Even for the handful of special cases a caveat applies, the sustainability of the debt service. Further analytical discussion requires that we abandon generality and go directly to specific cases. The British government can and has engaged in considerable deficit monetization because of two specific characteristics of the economy. First, the large financial sector encourages capital inflow that weakens the destabilizing effect of exchange rate speculation. Second, the lingering function of the pound as a currency of international exchange fosters holding of sterling as a reserve by many governments.
Even in the case of Britain, the sustainability of debt service requires the continuation of low interest rates on public bonds, now 0.5% for two year gilts, and a long maturity structure of UK bonds. The latter at 15.4 years is the longest among OECD countries, all of which have an average of less than ten except for Britain. The Debt Management Office in the Treasury maintains the stability provided by long maturity borrowing.
However, interest rates at the present low level are not sustainable. The British government can avoid speculation that would elevate interest rates because the Bank of England sets rates. Public bonds serve as a major element in private pension funds, for wealthy and also for the middle class. If interest rates remained permanently low, that would require a substantial restructuring of pension funds and private portfolios in general.
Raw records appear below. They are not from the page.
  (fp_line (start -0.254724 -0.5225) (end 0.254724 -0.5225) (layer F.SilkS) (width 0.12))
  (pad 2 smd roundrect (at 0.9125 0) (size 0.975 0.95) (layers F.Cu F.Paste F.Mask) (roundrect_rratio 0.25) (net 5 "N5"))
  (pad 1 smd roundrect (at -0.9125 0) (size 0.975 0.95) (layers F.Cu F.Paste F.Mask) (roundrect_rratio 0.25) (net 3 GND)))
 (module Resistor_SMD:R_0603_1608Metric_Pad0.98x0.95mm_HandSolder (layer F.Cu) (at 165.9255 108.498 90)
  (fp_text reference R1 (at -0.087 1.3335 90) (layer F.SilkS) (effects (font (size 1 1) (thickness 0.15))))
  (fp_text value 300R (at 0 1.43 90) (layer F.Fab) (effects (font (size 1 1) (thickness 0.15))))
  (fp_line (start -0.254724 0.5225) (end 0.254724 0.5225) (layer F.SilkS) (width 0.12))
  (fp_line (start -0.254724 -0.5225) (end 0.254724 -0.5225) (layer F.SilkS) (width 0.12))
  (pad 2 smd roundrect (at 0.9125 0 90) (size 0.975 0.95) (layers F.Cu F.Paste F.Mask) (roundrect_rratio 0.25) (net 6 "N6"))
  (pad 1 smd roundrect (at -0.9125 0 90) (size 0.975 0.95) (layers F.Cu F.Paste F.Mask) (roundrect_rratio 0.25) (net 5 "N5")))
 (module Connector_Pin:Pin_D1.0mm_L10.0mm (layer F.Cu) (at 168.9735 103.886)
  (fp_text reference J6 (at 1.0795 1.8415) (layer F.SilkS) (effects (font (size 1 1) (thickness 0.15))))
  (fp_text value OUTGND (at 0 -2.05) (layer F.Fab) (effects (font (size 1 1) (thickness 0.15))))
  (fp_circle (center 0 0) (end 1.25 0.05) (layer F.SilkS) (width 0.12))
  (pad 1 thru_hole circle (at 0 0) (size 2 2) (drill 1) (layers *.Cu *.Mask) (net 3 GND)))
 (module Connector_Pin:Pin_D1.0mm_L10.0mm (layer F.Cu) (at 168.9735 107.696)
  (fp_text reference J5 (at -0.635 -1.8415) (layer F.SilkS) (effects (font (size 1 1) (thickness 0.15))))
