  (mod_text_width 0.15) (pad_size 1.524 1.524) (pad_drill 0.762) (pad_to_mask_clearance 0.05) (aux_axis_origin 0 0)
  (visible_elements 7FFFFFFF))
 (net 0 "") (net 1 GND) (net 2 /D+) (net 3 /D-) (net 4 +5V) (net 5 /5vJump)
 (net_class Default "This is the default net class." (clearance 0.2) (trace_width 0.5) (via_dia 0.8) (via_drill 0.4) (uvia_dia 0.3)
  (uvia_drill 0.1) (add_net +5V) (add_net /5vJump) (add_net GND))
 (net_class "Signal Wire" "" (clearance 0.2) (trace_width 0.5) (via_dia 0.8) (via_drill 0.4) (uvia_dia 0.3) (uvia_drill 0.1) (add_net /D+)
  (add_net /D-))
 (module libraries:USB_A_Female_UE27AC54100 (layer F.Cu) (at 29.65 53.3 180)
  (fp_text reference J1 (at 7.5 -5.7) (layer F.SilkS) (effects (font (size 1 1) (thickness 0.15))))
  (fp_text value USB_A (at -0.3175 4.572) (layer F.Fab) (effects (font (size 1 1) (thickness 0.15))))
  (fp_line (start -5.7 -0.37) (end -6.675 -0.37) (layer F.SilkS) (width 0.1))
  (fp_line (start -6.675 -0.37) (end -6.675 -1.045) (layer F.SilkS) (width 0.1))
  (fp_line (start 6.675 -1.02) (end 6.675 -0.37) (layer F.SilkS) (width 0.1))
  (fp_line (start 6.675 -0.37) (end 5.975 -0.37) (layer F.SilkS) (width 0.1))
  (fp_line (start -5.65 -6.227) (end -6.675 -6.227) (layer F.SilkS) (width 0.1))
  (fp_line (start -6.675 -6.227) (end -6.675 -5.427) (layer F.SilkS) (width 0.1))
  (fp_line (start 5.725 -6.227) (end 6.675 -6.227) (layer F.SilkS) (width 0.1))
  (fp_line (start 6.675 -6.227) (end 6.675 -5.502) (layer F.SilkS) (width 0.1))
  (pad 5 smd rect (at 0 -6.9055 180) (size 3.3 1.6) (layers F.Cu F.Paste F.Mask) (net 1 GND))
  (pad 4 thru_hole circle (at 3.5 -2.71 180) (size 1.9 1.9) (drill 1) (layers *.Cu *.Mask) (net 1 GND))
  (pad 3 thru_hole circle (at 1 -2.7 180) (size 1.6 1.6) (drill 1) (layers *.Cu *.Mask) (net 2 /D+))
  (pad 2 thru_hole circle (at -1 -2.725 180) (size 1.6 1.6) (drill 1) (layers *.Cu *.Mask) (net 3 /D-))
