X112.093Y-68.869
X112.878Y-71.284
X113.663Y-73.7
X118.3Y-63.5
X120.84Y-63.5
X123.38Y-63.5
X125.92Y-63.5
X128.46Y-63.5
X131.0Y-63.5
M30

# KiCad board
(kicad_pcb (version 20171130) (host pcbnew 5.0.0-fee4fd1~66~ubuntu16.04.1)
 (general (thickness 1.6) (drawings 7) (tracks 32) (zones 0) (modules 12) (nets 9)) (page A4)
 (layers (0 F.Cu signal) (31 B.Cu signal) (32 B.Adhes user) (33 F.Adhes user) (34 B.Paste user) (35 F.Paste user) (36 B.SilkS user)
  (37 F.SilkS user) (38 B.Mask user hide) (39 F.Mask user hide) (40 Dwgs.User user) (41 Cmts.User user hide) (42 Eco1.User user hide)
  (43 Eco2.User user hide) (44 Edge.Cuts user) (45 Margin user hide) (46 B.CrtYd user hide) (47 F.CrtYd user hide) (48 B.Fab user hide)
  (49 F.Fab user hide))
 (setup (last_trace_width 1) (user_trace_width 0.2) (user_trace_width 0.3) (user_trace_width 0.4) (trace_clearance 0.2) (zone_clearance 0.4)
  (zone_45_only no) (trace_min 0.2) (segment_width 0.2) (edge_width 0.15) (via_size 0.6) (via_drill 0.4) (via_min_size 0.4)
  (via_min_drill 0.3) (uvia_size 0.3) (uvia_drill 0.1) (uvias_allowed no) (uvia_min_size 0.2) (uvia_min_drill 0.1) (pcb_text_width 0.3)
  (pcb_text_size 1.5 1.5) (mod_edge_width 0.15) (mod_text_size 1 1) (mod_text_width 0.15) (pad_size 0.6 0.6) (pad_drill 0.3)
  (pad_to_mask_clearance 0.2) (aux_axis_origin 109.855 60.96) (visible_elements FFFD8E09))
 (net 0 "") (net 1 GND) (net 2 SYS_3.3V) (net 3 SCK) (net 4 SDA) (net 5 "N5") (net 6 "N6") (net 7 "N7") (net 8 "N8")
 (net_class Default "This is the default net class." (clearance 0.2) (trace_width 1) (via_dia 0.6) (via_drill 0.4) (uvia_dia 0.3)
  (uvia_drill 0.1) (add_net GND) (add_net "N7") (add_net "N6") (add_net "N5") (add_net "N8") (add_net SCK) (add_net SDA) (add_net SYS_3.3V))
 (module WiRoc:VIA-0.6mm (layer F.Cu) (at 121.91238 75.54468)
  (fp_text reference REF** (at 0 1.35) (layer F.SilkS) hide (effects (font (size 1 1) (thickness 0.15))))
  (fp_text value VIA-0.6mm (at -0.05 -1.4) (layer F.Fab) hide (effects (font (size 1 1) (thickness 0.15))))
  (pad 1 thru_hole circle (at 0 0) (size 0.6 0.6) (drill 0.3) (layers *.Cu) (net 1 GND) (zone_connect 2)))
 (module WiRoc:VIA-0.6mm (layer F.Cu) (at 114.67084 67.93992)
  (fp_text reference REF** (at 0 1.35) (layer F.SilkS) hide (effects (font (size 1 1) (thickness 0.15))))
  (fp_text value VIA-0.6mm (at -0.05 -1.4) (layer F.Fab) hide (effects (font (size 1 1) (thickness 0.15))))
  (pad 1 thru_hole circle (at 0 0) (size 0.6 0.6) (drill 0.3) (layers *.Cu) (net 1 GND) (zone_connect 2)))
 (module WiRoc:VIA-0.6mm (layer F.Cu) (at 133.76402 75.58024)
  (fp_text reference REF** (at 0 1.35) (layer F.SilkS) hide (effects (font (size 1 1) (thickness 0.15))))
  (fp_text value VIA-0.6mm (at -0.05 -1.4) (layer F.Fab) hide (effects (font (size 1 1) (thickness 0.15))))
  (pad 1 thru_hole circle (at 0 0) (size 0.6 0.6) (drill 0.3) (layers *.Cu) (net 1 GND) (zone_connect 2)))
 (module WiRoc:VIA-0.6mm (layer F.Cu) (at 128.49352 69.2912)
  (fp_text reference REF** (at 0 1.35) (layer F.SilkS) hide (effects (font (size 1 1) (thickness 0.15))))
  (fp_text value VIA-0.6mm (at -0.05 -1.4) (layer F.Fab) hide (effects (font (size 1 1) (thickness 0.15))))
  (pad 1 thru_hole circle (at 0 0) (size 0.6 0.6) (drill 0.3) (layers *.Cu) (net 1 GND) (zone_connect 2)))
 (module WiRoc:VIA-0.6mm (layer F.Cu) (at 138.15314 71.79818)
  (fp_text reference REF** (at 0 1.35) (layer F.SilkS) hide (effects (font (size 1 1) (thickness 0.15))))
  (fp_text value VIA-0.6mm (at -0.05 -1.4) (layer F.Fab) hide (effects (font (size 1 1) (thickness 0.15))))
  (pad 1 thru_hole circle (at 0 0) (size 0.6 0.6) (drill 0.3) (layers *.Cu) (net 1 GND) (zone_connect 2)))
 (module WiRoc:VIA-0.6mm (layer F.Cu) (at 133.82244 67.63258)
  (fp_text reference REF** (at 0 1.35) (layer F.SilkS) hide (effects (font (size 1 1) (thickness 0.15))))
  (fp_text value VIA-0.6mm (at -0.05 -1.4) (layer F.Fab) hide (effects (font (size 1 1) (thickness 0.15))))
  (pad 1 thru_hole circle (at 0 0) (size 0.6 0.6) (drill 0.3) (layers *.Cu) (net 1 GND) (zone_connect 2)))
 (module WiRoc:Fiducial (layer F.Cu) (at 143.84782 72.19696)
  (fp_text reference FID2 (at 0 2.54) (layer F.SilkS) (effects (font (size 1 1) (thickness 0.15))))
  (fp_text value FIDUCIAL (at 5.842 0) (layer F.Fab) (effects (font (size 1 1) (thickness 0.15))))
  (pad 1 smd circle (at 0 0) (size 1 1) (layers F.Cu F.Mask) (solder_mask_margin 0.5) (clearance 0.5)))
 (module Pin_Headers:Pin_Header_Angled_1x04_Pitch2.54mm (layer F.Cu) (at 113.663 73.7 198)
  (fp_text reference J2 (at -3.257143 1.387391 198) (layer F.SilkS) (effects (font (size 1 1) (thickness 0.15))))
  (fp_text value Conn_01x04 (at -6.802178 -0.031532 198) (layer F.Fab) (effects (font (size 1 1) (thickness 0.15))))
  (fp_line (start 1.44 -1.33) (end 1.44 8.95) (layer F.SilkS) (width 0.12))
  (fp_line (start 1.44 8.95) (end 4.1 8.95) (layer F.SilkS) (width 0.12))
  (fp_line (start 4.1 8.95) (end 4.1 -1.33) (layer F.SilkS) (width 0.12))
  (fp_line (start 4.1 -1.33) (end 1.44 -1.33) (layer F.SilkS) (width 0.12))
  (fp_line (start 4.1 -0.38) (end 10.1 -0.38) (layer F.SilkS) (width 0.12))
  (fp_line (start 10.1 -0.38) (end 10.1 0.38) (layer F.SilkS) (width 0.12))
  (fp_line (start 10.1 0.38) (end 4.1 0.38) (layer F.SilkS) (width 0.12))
As a policy rule, the Bank of England should aim to sustain gilt rates in the long term near the economy’s sustainable expansion rate, about 2.5%. Public debt service is manageable if it declines or maintains a steady share of public spending. Calculating whether debt service is sustainable involves several key numbers: 1) the level of debt, 2) average interest rate on the debt, 3) fiscal deficit (which adds to the debt), 4) the size and growth of public expenditure, and 5) expansion rate of the economy.
As guidelines we set the economy’s expansion equal to the target gilt rate (2.5%) and set a guideline for public expenditure at 40% of GDP, the share for much of the post-WWII years. Sustainability of public debt service then depends on two numbers, the fiscal deficit and the initial size of the public debt. Should the covid-19 depression result in a debt to GDP ratio well over 100% and fiscal deficits to GDP in double figures, debt service sustainability could become a concern.
Summary
In principle governments with national currencies can fund expenditures through money creation. In practice very few should do so, one of which is the United Kingdom. We have an empirical possibility to consider, not a theoretical generalization. At the beginning of 2020 the possibility of the British government incurring an unsustainable debt or deficit remained remote. The covid-19 economic depression changes that.
Economic recovery will occur from an initial condition with a quite large public debt to GDP and double digit deficits. When that recovery brings interest rates back to their historically typical level debt sustainability could become a concern. This does not imply restraining expenditure but quite the contrary. As shown when George Osborne was Chancellor, budget cuts reduce the Treasury’s tax take by slowing the growth of the economy. Sustained recovery will require continued management of the maturity the debt and achieving a steady recovery, unlike the near stagnation during 2010-2020 abortive recovery.